### REQUIRED ACTION
Return each line of the material below exactly. Begin at the first and end on the line with "(uvia_drill 0.1) (add_net".

### RECORDS PROVIDED
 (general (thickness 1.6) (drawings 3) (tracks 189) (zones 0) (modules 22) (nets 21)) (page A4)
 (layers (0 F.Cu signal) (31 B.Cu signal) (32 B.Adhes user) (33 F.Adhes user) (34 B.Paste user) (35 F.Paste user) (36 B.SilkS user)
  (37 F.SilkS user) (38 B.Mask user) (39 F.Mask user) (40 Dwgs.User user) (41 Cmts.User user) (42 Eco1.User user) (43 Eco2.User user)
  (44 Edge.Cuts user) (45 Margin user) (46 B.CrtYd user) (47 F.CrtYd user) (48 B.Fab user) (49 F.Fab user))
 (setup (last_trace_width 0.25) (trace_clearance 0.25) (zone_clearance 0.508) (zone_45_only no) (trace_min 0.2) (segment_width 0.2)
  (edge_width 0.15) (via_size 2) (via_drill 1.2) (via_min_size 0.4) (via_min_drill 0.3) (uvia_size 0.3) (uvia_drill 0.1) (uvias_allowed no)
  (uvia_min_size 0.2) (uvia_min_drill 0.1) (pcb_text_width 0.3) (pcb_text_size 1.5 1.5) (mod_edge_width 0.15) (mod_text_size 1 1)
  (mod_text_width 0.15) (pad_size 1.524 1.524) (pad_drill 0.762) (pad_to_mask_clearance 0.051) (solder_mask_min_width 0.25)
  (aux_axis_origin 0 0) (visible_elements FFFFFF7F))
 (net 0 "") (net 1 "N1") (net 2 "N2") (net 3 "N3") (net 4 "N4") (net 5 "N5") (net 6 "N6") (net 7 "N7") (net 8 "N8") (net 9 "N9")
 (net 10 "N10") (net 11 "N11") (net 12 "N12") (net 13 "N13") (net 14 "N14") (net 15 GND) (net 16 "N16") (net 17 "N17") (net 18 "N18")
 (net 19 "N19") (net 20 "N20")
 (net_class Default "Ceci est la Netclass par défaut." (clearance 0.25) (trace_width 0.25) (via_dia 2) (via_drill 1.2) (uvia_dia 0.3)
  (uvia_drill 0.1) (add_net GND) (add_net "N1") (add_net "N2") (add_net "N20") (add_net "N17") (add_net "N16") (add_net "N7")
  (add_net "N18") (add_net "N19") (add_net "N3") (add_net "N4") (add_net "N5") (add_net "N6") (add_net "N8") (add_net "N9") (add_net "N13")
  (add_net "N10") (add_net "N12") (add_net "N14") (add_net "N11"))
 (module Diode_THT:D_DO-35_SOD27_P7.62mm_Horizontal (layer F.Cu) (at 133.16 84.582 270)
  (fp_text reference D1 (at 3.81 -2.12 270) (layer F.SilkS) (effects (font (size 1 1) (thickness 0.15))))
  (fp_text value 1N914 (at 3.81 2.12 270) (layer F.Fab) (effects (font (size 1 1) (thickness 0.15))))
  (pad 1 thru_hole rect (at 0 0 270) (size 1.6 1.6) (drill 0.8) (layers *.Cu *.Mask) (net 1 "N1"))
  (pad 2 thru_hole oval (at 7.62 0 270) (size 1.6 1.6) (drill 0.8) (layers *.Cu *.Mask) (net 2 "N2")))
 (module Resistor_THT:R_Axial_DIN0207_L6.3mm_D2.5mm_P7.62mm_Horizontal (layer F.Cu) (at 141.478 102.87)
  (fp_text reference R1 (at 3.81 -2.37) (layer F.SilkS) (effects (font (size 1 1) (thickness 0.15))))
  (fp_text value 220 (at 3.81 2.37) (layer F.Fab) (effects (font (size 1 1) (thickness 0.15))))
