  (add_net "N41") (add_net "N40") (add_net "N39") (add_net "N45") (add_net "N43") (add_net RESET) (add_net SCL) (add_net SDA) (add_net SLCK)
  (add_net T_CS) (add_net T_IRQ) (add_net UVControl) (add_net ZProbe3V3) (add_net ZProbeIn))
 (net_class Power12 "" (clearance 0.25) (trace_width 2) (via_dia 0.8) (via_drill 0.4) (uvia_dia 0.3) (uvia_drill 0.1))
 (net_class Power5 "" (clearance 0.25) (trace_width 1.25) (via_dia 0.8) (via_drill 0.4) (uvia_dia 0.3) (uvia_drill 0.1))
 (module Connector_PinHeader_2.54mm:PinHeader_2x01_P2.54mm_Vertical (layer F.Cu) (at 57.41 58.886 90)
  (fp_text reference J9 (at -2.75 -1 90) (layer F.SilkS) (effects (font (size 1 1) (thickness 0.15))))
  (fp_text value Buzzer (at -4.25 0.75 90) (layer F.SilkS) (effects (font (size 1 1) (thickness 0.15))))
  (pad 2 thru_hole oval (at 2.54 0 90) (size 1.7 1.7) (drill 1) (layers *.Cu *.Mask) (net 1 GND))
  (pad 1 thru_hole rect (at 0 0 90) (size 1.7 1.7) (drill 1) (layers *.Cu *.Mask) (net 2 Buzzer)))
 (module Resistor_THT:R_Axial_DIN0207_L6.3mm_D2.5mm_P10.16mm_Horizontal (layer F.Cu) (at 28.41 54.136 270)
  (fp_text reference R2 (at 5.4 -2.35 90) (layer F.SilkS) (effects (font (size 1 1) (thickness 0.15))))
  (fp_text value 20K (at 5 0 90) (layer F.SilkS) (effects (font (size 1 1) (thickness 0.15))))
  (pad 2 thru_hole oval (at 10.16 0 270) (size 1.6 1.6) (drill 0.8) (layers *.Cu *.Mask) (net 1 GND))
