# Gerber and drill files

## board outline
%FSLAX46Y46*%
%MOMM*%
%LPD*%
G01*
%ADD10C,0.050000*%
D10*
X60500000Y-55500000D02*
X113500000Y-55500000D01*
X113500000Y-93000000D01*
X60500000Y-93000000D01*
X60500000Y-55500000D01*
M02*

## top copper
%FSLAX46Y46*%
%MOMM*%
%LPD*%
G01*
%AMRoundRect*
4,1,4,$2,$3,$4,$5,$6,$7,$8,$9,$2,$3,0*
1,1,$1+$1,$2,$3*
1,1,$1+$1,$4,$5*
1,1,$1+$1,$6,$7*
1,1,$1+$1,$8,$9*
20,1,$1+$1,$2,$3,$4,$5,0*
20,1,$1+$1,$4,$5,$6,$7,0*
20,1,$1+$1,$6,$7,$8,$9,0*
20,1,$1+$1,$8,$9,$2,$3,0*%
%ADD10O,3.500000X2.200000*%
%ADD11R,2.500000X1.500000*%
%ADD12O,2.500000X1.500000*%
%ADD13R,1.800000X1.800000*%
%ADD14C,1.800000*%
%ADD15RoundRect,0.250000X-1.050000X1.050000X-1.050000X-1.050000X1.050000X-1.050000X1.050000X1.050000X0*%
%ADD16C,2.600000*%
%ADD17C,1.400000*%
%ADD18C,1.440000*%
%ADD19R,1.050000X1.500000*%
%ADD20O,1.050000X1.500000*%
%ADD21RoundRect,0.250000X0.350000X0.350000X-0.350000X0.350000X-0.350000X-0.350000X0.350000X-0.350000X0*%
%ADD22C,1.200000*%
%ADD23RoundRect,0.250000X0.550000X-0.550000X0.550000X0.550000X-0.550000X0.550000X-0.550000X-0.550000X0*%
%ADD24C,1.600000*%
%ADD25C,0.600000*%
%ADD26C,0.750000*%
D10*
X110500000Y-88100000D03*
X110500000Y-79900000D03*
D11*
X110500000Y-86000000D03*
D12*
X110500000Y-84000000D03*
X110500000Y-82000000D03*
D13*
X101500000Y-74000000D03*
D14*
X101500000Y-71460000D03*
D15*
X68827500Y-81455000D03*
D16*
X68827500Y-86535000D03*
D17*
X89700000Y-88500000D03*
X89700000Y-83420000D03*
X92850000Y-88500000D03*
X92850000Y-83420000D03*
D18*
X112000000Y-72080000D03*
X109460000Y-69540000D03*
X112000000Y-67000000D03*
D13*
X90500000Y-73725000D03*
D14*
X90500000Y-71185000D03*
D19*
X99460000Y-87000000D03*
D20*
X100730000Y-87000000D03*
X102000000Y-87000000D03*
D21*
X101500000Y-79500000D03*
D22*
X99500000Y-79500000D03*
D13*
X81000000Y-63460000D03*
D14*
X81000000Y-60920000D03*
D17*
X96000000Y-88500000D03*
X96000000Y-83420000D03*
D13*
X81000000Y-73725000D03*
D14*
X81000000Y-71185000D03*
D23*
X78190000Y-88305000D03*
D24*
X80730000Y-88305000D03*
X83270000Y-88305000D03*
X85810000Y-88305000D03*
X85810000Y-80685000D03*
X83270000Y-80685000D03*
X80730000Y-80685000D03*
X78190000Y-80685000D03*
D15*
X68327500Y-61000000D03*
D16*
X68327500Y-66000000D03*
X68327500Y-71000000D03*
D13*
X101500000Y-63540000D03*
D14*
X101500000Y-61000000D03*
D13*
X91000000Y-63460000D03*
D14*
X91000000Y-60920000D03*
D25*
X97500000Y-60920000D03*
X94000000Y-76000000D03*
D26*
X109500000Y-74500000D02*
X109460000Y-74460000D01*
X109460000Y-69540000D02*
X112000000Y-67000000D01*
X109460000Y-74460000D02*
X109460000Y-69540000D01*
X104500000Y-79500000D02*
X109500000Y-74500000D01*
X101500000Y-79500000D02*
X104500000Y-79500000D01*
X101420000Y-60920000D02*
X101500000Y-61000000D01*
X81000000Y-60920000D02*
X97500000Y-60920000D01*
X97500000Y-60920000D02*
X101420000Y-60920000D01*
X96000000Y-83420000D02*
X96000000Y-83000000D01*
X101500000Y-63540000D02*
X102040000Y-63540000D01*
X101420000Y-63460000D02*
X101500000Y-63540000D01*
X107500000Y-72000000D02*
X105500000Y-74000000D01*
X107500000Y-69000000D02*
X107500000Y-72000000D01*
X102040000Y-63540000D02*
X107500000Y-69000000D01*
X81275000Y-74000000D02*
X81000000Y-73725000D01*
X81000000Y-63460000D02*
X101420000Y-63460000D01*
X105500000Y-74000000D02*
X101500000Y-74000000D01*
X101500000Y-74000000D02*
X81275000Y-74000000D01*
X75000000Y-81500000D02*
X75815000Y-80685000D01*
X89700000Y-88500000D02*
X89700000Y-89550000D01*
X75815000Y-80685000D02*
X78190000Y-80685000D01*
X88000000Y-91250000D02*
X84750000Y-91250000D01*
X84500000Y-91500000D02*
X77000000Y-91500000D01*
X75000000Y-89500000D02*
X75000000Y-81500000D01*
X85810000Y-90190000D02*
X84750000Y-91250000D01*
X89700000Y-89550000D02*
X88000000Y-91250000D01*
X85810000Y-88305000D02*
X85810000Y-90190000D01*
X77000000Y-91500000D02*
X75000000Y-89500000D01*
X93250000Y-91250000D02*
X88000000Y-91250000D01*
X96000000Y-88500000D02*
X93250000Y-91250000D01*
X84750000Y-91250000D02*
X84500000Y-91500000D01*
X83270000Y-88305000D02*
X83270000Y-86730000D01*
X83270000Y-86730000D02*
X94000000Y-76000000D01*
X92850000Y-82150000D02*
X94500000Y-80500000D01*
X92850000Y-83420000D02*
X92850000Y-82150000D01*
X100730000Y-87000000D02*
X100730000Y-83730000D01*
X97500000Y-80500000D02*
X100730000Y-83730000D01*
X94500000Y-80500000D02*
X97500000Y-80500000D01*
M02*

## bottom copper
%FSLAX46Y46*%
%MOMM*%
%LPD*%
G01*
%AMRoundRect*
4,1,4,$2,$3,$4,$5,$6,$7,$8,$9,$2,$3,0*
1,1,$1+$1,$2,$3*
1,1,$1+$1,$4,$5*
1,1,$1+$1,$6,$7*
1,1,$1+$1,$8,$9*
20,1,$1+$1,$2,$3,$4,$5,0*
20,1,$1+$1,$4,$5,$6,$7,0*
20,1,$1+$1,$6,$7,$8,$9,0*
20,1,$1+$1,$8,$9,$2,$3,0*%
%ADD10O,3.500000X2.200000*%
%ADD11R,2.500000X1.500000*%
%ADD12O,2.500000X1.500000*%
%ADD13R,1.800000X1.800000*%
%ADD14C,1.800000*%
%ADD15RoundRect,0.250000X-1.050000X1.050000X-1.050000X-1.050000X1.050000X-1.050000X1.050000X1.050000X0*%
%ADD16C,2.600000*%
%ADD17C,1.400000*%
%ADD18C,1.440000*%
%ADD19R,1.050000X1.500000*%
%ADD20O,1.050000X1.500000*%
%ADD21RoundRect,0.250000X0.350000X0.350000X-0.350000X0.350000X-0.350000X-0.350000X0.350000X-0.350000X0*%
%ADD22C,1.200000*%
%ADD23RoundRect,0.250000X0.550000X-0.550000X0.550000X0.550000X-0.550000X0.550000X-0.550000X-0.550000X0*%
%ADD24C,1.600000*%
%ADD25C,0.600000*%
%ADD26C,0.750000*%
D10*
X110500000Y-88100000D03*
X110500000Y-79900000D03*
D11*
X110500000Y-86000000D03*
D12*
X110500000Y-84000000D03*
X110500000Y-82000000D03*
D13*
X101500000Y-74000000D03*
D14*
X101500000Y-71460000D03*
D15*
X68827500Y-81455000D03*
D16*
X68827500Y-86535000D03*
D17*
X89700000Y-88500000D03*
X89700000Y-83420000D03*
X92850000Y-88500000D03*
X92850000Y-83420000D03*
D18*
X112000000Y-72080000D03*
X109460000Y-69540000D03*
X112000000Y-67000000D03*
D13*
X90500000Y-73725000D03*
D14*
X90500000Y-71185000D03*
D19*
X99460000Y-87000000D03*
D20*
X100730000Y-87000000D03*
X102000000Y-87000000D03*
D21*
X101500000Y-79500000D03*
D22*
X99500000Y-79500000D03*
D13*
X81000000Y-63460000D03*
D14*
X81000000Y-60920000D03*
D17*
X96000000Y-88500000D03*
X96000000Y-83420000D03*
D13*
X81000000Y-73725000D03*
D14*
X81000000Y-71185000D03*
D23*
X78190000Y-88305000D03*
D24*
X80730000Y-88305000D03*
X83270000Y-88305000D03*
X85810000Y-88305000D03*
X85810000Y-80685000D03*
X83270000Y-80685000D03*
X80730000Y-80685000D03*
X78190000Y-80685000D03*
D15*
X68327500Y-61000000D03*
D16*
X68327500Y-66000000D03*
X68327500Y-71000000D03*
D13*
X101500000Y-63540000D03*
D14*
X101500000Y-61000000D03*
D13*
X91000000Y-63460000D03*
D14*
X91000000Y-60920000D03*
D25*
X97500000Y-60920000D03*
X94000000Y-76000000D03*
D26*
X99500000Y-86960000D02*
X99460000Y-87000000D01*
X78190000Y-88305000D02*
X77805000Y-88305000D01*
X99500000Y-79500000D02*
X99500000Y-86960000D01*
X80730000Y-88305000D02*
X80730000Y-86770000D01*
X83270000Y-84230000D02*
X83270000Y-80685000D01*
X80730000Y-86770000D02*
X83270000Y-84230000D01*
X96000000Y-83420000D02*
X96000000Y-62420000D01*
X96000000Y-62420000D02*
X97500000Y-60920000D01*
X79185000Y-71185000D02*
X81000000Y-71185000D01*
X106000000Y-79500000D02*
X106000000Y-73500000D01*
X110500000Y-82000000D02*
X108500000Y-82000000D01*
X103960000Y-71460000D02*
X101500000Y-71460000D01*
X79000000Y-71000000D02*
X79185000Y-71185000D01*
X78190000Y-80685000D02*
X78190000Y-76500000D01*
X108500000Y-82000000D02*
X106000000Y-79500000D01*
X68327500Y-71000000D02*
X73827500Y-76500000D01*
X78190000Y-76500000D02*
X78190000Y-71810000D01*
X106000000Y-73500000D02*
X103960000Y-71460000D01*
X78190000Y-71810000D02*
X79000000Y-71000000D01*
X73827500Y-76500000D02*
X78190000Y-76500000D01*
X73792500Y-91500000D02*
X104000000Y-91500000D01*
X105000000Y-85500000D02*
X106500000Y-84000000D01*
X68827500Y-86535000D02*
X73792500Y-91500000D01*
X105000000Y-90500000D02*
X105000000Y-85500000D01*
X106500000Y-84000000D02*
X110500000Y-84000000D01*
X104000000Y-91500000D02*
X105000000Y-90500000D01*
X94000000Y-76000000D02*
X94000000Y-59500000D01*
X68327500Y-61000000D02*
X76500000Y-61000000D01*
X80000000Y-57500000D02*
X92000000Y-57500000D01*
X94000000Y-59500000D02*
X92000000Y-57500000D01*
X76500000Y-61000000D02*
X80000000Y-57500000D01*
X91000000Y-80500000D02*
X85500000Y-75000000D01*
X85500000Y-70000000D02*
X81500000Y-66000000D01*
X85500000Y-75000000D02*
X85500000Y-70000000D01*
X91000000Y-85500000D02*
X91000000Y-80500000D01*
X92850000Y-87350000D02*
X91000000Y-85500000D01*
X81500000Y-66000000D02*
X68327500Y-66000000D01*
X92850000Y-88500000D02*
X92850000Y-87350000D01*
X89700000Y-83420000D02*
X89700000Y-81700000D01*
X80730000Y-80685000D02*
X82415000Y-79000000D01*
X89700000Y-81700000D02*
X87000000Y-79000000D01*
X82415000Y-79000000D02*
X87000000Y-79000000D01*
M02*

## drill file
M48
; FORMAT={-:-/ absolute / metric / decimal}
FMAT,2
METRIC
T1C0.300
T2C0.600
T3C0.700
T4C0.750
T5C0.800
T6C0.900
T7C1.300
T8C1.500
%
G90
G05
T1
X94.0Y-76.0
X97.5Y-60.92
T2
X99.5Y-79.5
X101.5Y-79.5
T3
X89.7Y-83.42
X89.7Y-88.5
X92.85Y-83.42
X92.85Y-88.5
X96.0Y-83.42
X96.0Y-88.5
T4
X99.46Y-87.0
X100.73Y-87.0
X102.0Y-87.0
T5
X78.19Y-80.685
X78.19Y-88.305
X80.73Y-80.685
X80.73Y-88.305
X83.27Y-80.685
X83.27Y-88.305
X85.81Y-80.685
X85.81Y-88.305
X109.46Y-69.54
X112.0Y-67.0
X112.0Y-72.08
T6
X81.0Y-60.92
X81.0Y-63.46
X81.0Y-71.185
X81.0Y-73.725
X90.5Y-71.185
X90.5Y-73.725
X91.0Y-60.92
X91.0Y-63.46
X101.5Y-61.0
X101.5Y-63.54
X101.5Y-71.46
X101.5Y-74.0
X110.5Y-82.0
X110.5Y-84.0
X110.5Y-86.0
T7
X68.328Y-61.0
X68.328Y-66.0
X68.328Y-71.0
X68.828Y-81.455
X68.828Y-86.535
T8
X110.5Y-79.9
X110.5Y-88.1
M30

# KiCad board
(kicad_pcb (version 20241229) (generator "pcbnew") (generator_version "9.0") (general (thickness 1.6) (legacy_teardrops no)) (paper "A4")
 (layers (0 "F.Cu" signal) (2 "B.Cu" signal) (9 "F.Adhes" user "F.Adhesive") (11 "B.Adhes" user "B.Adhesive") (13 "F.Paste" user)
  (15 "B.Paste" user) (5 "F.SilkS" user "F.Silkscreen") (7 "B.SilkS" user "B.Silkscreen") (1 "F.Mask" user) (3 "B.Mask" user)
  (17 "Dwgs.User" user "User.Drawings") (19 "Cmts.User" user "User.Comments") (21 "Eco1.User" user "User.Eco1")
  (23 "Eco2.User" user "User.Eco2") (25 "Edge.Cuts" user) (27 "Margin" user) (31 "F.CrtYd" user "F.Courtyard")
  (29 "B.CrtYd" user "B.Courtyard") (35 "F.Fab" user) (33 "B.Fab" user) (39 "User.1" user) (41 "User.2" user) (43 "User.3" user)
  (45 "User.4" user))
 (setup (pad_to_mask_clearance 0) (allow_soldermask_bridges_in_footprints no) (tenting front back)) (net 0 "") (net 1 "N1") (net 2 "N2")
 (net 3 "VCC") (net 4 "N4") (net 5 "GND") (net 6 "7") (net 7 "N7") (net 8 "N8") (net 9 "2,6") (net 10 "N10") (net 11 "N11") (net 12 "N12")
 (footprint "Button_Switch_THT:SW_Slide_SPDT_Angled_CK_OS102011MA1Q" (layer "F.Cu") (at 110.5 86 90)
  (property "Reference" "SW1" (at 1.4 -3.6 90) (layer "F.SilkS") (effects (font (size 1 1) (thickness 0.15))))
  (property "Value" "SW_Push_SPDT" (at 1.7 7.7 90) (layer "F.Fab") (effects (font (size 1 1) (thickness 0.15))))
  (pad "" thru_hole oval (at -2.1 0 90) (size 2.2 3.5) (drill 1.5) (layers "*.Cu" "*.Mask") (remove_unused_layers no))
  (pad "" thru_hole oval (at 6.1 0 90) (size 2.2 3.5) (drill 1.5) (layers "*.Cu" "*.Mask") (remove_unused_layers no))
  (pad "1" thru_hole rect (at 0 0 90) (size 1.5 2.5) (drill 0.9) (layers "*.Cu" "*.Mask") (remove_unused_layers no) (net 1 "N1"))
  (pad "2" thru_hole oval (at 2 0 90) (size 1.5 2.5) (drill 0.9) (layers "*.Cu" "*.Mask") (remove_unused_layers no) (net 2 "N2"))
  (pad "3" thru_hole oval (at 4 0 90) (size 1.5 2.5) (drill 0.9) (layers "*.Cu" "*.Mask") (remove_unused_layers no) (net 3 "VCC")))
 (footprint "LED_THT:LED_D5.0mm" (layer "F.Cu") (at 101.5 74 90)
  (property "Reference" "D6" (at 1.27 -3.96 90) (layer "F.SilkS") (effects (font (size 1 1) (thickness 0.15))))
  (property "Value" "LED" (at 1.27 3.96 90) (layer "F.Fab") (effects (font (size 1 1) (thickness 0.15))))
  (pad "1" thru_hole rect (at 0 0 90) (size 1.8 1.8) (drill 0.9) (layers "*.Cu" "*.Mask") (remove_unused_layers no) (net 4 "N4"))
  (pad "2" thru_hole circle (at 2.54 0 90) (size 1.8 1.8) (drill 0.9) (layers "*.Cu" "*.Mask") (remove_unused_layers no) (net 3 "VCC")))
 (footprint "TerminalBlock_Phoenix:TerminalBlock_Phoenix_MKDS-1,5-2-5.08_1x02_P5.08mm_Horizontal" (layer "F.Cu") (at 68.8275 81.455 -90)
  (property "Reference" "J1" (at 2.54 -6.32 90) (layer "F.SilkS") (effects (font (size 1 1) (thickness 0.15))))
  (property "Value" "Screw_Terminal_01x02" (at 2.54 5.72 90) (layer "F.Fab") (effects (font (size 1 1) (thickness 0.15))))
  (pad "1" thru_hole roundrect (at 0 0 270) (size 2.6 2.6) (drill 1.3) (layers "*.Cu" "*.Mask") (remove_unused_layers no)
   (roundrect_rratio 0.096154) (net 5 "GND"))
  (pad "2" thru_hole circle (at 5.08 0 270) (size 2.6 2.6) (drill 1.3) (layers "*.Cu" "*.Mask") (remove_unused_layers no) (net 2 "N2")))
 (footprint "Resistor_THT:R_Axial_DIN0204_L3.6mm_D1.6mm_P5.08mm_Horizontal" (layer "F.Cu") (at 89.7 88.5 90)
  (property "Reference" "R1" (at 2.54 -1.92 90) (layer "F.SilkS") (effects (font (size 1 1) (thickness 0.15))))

### OUTPUT OF THE EXERCISE
 (general (thickness 1.6) (drawings 3) (tracks 189) (zones 0) (modules 22) (nets 21)) (page A4)
 (layers (0 F.Cu signal) (31 B.Cu signal) (32 B.Adhes user) (33 F.Adhes user) (34 B.Paste user) (35 F.Paste user) (36 B.SilkS user)
  (37 F.SilkS user) (38 B.Mask user) (39 F.Mask user) (40 Dwgs.User user) (41 Cmts.User user) (42 Eco1.User user) (43 Eco2.User user)
  (44 Edge.Cuts user) (45 Margin user) (46 B.CrtYd user) (47 F.CrtYd user) (48 B.Fab user) (49 F.Fab user))
 (setup (last_trace_width 0.25) (trace_clearance 0.25) (zone_clearance 0.508) (zone_45_only no) (trace_min 0.2) (segment_width 0.2)
  (edge_width 0.15) (via_size 2) (via_drill 1.2) (via_min_size 0.4) (via_min_drill 0.3) (uvia_size 0.3) (uvia_drill 0.1) (uvias_allowed no)
  (uvia_min_size 0.2) (uvia_min_drill 0.1) (pcb_text_width 0.3) (pcb_text_size 1.5 1.5) (mod_edge_width 0.15) (mod_text_size 1 1)
  (mod_text_width 0.15) (pad_size 1.524 1.524) (pad_drill 0.762) (pad_to_mask_clearance 0.051) (solder_mask_min_width 0.25)
  (aux_axis_origin 0 0) (visible_elements FFFFFF7F))
 (net 0 "") (net 1 "N1") (net 2 "N2") (net 3 "N3") (net 4 "N4") (net 5 "N5") (net 6 "N6") (net 7 "N7") (net 8 "N8") (net 9 "N9")
 (net 10 "N10") (net 11 "N11") (net 12 "N12") (net 13 "N13") (net 14 "N14") (net 15 GND) (net 16 "N16") (net 17 "N17") (net 18 "N18")
 (net 19 "N19") (net 20 "N20")
 (net_class Default "Ceci est la Netclass par défaut." (clearance 0.25) (trace_width 0.25) (via_dia 2) (via_drill 1.2) (uvia_dia 0.3)
  (uvia_drill 0.1) (add_net GND) (add_net "N1") (add_net "N2") (add_net "N20") (add_net "N17") (add_net "N16") (add_net "N7")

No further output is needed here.